Tubman Reading Questions

Hope you all had a good Spring Break! This week’s reading, listed on the schedule, is about Harriet Tubman. Be sure that you download both of the Sernett PDFs from OWL-Space. (Please note that I’ve slightly amended the syllabus, so you are only required to read the Sernett articles.)

Here are the reading prompts: pick ONE and write a response to it in your Google Doc for this week. I’d encourage you to revisit the Learning Rubric and the Google Doc we made collaboratively before the break (see links in the sidebar) to refresh your memory of what to work on in your responses!

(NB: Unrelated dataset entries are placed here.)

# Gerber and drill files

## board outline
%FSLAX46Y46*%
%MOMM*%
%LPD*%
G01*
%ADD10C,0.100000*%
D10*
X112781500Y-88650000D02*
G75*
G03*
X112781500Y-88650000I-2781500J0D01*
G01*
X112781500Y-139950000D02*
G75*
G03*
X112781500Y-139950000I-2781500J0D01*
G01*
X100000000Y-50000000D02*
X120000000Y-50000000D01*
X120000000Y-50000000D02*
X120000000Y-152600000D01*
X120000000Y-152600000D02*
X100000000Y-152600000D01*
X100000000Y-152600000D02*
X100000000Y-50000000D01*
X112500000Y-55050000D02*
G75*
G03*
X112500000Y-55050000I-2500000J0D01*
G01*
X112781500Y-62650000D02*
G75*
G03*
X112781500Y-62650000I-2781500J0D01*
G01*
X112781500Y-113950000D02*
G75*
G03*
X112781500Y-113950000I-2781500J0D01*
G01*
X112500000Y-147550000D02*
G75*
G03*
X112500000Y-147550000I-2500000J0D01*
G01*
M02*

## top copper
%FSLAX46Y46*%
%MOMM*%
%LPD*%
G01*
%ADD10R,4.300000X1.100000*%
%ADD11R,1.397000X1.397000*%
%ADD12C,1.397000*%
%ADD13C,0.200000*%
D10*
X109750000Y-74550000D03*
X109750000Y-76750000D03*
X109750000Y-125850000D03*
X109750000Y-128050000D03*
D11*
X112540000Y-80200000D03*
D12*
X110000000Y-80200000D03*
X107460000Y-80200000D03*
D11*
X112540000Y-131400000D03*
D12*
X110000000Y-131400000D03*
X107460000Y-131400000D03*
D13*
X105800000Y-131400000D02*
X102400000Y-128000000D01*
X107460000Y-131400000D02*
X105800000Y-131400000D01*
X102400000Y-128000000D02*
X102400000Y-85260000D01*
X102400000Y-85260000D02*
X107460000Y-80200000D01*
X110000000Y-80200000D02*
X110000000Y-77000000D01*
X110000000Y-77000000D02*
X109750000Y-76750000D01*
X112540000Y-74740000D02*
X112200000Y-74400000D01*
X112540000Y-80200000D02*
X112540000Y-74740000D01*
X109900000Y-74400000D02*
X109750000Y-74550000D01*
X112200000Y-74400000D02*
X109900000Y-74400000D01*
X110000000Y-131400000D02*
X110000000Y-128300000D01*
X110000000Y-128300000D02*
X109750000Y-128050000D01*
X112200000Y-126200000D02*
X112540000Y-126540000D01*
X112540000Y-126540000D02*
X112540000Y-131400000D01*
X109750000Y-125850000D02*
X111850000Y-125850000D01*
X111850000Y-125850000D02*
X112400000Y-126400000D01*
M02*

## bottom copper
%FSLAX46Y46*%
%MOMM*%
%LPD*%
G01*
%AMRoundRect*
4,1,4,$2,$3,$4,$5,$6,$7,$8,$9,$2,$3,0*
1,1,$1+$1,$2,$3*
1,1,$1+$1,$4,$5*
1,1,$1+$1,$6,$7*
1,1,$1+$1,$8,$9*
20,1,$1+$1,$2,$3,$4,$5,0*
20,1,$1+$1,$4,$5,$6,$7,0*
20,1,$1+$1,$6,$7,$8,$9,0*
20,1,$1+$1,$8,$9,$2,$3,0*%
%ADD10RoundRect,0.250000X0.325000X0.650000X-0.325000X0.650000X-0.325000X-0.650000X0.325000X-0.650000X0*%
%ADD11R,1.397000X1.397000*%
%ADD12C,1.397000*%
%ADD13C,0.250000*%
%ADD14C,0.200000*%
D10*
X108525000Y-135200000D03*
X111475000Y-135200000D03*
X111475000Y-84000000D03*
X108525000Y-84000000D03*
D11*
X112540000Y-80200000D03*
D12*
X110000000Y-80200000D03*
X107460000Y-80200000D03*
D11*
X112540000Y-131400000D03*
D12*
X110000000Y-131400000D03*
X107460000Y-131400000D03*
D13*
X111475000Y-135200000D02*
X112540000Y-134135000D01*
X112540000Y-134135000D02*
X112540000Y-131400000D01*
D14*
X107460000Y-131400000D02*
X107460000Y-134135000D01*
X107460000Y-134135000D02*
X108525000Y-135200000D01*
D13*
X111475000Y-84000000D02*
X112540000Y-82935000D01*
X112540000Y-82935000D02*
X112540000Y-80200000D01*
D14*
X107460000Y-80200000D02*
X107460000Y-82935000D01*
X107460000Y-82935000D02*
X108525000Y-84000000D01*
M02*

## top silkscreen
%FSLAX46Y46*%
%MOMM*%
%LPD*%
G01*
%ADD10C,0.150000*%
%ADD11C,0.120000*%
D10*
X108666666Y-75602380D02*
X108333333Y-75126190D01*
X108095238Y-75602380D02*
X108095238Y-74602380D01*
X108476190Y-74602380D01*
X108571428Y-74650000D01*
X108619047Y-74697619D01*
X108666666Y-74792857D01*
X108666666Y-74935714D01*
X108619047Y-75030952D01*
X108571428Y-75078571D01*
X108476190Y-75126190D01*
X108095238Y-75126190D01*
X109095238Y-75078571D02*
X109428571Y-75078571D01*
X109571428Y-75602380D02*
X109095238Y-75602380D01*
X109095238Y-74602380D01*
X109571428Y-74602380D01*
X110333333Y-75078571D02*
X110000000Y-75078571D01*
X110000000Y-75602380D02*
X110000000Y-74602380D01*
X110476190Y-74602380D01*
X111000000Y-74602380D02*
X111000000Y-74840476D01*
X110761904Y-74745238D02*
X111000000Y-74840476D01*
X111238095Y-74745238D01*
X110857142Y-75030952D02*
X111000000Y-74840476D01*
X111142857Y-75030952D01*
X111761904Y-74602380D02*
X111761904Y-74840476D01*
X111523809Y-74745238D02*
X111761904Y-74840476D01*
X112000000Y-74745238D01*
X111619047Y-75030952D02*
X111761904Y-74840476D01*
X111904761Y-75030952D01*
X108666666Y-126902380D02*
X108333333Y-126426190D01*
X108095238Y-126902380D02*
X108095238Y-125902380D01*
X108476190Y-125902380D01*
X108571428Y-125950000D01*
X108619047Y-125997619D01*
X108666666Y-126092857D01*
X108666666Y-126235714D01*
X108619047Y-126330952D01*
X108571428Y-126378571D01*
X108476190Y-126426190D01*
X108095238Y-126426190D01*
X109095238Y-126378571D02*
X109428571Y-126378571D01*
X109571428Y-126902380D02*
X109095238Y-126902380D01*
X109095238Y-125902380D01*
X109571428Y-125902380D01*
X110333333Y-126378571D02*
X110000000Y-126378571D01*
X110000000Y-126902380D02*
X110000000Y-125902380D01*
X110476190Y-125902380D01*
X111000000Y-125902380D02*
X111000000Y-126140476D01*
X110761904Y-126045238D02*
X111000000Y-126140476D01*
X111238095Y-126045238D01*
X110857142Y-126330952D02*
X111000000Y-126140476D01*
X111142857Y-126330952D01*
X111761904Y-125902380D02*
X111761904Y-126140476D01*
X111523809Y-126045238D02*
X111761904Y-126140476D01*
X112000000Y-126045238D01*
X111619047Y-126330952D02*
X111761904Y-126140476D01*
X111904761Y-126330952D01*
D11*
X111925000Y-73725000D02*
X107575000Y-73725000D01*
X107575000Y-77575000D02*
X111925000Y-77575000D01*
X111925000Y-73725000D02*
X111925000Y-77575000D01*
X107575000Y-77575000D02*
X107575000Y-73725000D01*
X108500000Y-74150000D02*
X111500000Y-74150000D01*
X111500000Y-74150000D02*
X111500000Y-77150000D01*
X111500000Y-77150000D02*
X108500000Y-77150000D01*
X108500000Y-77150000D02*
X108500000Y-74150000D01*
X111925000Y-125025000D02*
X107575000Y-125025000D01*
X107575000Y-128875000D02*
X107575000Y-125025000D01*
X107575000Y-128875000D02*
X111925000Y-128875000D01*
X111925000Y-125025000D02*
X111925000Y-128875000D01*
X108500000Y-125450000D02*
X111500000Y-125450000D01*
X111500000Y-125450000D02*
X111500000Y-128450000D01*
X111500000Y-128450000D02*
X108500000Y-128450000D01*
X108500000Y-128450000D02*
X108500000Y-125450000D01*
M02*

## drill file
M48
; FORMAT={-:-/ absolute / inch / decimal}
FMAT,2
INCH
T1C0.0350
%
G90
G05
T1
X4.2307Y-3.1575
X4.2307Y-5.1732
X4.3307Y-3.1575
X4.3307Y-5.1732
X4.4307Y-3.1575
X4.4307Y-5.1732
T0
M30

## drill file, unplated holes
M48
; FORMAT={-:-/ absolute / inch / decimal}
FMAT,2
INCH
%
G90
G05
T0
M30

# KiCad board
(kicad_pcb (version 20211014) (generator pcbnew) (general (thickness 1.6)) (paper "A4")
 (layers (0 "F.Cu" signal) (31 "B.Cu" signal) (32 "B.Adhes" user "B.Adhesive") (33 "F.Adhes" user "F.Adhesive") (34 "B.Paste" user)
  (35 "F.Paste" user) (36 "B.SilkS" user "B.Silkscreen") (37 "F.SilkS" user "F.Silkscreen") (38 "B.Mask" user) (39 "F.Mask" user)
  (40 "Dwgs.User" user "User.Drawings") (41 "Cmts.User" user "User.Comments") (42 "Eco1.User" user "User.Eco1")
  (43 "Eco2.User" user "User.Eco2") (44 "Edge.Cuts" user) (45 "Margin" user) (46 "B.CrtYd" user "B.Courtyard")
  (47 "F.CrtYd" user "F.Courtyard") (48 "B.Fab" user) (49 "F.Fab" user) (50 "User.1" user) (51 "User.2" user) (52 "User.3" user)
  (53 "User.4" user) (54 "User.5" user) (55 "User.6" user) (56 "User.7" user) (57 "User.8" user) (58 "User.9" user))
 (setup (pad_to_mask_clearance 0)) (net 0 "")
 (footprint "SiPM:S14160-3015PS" (layer "F.Cu") (at 110 75.65)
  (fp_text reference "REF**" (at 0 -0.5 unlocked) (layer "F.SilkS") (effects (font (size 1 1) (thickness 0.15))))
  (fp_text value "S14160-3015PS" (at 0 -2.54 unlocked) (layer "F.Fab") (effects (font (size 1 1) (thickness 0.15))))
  (fp_line (start 1.925 -1.925) (end -2.425 -1.925) (layer "F.SilkS") (width 0.12))
  (fp_line (start -2.425 1.925) (end 1.925 1.925) (layer "F.SilkS") (width 0.12))
  (fp_line (start 1.925 -1.925) (end 1.925 1.925) (layer "F.SilkS") (width 0.12))
  (fp_line (start -2.425 1.925) (end -2.425 -1.925) (layer "F.SilkS") (width 0.12))
  (fp_rect (start -1.5 -1.5) (end 1.5 1.5) (layer "F.SilkS") (width 0.12) (fill none))
  (pad "1" smd rect (at -0.25 -1.1) (size 4.3 1.1) (layers "F.Cu" "F.Paste" "F.Mask"))
  (pad "2" smd rect (at -0.25 1.1) (size 4.3 1.1) (layers "F.Cu" "F.Paste" "F.Mask")))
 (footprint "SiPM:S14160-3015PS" (layer "F.Cu") (at 110 126.95)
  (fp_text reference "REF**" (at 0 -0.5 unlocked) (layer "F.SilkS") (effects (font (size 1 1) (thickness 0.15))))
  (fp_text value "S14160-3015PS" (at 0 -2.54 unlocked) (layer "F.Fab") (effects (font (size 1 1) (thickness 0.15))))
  (fp_line (start 1.925 -1.925) (end -2.425 -1.925) (layer "F.SilkS") (width 0.12))
  (fp_line (start -2.425 1.925) (end -2.425 -1.925) (layer "F.SilkS") (width 0.12))
  (fp_line (start -2.425 1.925) (end 1.925 1.925) (layer "F.SilkS") (width 0.12))
  (fp_line (start 1.925 -1.925) (end 1.925 1.925) (layer "F.SilkS") (width 0.12))
  (fp_rect (start -1.5 -1.5) (end 1.5 1.5) (layer "F.SilkS") (width 0.12) (fill none))
  (pad "1" smd rect (at -0.25 -1.1) (size 4.3 1.1) (layers "F.Cu" "F.Paste" "F.Mask"))
  (pad "2" smd rect (at -0.25 1.1) (size 4.3 1.1) (layers "F.Cu" "F.Paste" "F.Mask")))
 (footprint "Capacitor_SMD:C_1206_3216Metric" (layer "B.Cu") (at 110 84 180)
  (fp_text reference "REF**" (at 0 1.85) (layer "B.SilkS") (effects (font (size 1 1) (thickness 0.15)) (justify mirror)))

  1. Milton Sernett argues that what a society chooses to tell its children about the past offers one of the best measures of what that society values and/or thinks worth remembering. Do you agree? If so, what does children’s literature about Tubman reveal about us?

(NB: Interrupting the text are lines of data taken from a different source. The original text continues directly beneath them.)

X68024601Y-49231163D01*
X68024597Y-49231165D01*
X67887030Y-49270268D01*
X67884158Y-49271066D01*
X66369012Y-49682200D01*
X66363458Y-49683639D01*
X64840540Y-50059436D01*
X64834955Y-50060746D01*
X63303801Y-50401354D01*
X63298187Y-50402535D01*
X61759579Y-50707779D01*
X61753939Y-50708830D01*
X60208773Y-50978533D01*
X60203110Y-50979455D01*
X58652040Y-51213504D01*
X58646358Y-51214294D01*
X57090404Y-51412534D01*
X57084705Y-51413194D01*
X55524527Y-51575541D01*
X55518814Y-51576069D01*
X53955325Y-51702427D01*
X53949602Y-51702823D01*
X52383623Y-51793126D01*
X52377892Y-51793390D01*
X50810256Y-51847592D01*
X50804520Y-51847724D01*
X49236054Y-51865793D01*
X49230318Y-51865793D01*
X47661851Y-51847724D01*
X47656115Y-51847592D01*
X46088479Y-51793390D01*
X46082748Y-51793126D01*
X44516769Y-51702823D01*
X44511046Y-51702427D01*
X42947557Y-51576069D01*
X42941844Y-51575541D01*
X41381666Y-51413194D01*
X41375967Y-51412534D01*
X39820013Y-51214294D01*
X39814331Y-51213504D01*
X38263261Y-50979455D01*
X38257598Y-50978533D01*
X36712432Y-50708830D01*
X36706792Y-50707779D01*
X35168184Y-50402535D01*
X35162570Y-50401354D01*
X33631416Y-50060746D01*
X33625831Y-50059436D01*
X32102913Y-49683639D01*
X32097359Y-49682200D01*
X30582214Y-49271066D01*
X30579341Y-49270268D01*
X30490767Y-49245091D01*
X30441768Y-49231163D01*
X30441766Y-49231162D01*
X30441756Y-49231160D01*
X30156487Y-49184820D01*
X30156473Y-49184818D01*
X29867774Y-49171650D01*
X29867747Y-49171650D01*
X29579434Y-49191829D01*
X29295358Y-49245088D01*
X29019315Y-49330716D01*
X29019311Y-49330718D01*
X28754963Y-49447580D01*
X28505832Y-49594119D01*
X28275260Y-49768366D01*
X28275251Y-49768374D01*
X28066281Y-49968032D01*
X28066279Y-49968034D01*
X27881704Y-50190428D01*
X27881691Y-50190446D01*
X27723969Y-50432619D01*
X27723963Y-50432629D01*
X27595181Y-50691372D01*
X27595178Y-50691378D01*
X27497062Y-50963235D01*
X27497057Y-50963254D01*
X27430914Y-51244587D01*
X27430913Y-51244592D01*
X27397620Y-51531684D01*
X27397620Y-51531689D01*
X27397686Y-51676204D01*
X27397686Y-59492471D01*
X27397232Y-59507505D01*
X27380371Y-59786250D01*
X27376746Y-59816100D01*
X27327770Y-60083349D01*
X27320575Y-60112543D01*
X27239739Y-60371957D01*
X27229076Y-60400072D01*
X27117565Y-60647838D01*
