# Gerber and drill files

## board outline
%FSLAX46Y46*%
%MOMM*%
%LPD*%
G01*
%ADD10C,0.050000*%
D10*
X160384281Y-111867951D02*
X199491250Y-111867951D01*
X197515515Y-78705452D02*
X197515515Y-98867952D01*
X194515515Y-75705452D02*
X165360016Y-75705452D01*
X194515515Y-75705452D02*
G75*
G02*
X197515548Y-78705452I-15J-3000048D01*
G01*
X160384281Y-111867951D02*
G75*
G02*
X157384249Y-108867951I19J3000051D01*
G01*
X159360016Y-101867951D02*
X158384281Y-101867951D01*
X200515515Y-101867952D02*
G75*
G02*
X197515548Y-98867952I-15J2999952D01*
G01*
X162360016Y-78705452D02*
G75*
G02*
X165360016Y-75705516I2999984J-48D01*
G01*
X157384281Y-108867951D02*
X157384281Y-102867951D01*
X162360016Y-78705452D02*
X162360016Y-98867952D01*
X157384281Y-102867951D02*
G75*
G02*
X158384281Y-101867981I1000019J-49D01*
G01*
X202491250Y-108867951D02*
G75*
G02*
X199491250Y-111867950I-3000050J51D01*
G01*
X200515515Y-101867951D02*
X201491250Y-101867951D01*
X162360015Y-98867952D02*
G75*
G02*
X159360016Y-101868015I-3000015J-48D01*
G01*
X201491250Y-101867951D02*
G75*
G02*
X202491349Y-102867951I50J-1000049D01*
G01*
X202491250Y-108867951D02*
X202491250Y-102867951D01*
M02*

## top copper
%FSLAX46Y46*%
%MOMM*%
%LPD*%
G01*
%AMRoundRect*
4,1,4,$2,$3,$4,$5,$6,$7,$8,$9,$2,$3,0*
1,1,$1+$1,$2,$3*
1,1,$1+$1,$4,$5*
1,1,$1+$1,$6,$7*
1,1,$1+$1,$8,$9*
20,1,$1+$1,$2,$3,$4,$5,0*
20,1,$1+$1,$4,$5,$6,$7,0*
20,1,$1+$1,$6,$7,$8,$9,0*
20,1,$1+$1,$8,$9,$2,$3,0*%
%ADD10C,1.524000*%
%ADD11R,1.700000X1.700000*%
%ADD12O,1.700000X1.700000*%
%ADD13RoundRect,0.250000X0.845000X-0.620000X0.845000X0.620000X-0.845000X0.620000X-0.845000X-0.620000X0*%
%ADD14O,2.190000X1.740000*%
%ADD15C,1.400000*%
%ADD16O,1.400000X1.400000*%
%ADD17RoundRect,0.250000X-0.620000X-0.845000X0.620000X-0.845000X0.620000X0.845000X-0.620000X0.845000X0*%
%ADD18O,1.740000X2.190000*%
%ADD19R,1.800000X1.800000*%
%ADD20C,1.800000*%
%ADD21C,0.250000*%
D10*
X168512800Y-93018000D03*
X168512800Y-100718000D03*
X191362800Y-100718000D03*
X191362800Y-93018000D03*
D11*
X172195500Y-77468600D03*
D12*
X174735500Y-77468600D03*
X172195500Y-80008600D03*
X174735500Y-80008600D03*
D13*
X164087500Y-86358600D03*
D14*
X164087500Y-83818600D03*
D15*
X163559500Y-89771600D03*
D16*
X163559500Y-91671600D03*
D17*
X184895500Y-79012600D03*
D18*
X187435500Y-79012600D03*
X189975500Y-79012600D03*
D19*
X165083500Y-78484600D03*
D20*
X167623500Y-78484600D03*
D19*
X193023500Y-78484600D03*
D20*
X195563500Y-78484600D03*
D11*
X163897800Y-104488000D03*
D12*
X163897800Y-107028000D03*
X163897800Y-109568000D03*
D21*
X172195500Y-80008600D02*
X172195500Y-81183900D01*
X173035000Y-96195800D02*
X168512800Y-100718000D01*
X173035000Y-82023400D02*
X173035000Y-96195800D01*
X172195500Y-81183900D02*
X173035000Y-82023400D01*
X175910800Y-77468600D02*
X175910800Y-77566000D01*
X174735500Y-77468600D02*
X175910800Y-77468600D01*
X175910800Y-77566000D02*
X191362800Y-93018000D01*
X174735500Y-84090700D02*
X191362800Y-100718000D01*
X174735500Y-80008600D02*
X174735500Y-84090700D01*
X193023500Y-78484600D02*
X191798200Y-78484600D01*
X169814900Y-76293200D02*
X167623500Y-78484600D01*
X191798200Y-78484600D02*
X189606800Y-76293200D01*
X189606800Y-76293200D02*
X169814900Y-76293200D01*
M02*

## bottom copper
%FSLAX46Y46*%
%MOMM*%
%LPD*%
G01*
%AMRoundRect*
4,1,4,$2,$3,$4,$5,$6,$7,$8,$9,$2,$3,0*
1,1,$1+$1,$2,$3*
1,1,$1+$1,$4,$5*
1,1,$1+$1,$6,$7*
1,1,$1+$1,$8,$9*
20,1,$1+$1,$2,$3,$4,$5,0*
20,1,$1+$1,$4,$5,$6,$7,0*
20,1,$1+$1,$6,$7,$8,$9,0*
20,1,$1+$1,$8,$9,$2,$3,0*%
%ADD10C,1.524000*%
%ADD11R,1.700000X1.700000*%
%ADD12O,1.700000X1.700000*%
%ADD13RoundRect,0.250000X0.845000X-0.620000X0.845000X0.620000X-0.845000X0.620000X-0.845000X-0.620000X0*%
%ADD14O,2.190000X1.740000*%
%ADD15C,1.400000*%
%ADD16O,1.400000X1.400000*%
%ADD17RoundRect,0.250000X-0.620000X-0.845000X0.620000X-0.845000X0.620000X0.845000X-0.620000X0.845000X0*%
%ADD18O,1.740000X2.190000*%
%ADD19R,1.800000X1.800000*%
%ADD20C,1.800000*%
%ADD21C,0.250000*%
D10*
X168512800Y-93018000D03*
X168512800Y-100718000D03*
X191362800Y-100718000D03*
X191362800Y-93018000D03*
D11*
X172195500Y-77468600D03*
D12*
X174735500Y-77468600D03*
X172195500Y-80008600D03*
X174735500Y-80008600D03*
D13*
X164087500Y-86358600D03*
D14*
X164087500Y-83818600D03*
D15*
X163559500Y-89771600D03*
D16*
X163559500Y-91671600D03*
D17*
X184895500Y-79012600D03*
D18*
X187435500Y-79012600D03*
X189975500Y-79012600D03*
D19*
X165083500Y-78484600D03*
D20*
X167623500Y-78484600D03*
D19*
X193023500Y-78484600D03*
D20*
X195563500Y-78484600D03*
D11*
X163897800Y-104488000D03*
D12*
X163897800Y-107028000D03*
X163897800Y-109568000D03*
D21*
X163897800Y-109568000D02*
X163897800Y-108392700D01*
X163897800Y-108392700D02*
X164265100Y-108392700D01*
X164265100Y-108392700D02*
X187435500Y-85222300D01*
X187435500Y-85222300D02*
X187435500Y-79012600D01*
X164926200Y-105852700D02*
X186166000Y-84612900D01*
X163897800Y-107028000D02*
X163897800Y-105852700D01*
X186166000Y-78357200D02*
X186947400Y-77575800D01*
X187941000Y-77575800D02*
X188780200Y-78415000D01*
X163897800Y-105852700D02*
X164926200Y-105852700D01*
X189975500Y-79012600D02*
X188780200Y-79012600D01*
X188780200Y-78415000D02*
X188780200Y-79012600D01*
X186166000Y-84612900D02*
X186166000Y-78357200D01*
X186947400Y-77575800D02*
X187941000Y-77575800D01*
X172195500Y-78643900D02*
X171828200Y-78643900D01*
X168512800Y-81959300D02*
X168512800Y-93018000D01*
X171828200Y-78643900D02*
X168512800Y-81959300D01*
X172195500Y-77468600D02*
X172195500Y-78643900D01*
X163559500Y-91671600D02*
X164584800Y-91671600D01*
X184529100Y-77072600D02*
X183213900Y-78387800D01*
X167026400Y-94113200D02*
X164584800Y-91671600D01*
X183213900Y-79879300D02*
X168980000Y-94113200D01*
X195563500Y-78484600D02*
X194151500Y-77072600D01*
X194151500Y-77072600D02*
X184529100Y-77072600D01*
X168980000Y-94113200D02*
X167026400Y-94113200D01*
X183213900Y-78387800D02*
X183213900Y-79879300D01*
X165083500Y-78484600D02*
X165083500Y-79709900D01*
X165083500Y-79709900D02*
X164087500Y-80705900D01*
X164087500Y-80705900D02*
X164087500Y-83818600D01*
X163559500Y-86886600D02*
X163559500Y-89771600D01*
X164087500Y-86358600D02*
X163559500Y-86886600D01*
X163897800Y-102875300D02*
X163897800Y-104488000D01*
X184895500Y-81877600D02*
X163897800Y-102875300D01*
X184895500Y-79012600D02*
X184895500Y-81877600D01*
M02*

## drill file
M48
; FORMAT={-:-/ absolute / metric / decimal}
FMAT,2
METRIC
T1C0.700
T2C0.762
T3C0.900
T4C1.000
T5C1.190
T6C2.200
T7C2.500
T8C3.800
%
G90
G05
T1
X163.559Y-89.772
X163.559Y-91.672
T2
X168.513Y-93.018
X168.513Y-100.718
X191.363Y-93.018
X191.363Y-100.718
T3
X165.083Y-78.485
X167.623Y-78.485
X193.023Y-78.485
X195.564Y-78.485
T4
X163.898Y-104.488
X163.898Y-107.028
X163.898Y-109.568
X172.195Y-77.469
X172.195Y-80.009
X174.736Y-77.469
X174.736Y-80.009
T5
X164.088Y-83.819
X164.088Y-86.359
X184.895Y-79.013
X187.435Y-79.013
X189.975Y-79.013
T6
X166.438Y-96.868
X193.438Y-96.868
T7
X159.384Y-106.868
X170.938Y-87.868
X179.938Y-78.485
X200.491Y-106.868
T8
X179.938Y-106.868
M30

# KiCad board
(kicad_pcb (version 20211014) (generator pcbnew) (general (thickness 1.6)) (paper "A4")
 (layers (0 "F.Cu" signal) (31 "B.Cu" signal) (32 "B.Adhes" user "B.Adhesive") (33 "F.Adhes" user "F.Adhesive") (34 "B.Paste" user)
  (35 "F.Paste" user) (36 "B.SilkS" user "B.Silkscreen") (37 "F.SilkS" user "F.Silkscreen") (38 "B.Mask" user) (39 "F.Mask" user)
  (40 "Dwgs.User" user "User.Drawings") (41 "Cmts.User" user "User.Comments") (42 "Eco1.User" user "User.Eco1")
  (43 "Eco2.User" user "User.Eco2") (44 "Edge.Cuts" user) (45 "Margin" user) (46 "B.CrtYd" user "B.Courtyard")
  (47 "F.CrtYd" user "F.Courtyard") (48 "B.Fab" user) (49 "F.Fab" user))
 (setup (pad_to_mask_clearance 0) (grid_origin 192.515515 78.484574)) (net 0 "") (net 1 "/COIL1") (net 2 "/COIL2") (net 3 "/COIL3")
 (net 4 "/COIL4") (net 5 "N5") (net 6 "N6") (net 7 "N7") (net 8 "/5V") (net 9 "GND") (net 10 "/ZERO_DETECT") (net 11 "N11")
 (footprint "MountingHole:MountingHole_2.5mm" (layer "F.Cu") (at 179.9378 78.4846)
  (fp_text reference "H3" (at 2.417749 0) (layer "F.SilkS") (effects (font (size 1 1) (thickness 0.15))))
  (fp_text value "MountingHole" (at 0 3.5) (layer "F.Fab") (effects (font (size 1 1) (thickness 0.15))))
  (pad "" np_thru_hole circle locked (at 0 0) (size 2.5 2.5) (drill 2.5) (layers *.Cu *.Mask)))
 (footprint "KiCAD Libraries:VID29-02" (layer "F.Cu") (at 180.1028 96.868)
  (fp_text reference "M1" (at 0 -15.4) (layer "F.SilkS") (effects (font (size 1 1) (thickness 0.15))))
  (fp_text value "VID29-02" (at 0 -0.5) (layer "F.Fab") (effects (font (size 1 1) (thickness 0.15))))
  (pad "" np_thru_hole circle locked (at -9.165 -9) (size 2.5 2.5) (drill 2.5) (layers *.Cu *.Mask))
  (pad "" np_thru_hole circle locked (at 13.335 0) (size 2.2 2.2) (drill 2.2) (layers *.Cu *.Mask))
  (pad "" np_thru_hole circle locked (at -0.165 10) (size 3.8 3.8) (drill 3.8) (layers *.Cu *.Mask))
  (pad "" np_thru_hole circle locked (at -13.665 0) (size 2.2 2.2) (drill 2.2) (layers *.Cu *.Mask))
  (pad "1" thru_hole circle locked (at -11.59 -3.85) (size 1.524 1.524) (drill 0.762) (layers *.Cu *.Mask) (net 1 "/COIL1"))
  (pad "2" thru_hole circle locked (at -11.59 3.85) (size 1.524 1.524) (drill 0.762) (layers *.Cu *.Mask) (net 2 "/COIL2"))
  (pad "3" thru_hole circle locked (at 11.26 3.85) (size 1.524 1.524) (drill 0.762) (layers *.Cu *.Mask) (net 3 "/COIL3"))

  2. Sernett quotes Michael Kammen as saying that “what history and memory share in common is that both merit our mistrust, yet both must be nevertheless nourished” (p. 8). Do you agree with that generalization? If so, what parts of the histories that have been written about Tubman or her times merit mistrust? Which parts of the public memories of her merit mistrust? Which parts of the history or memory about her must nevertheless be nourished?
  3. How much influence did Tubman have over the making of her own legend?
  4. How many excursions did Tubman make back into the South to rescue slaves, and how many slaves did she ultimately help to escape North? Does getting the figures exactly right matter?
  5. Which image of Tubman do you think is more well-known today: Tubman as “Moses” or “General Tubman” the rifle-toting Civil War scout? Based on your reading of the material in Sernett, what accounts for the relative popularity or prevalence of these images?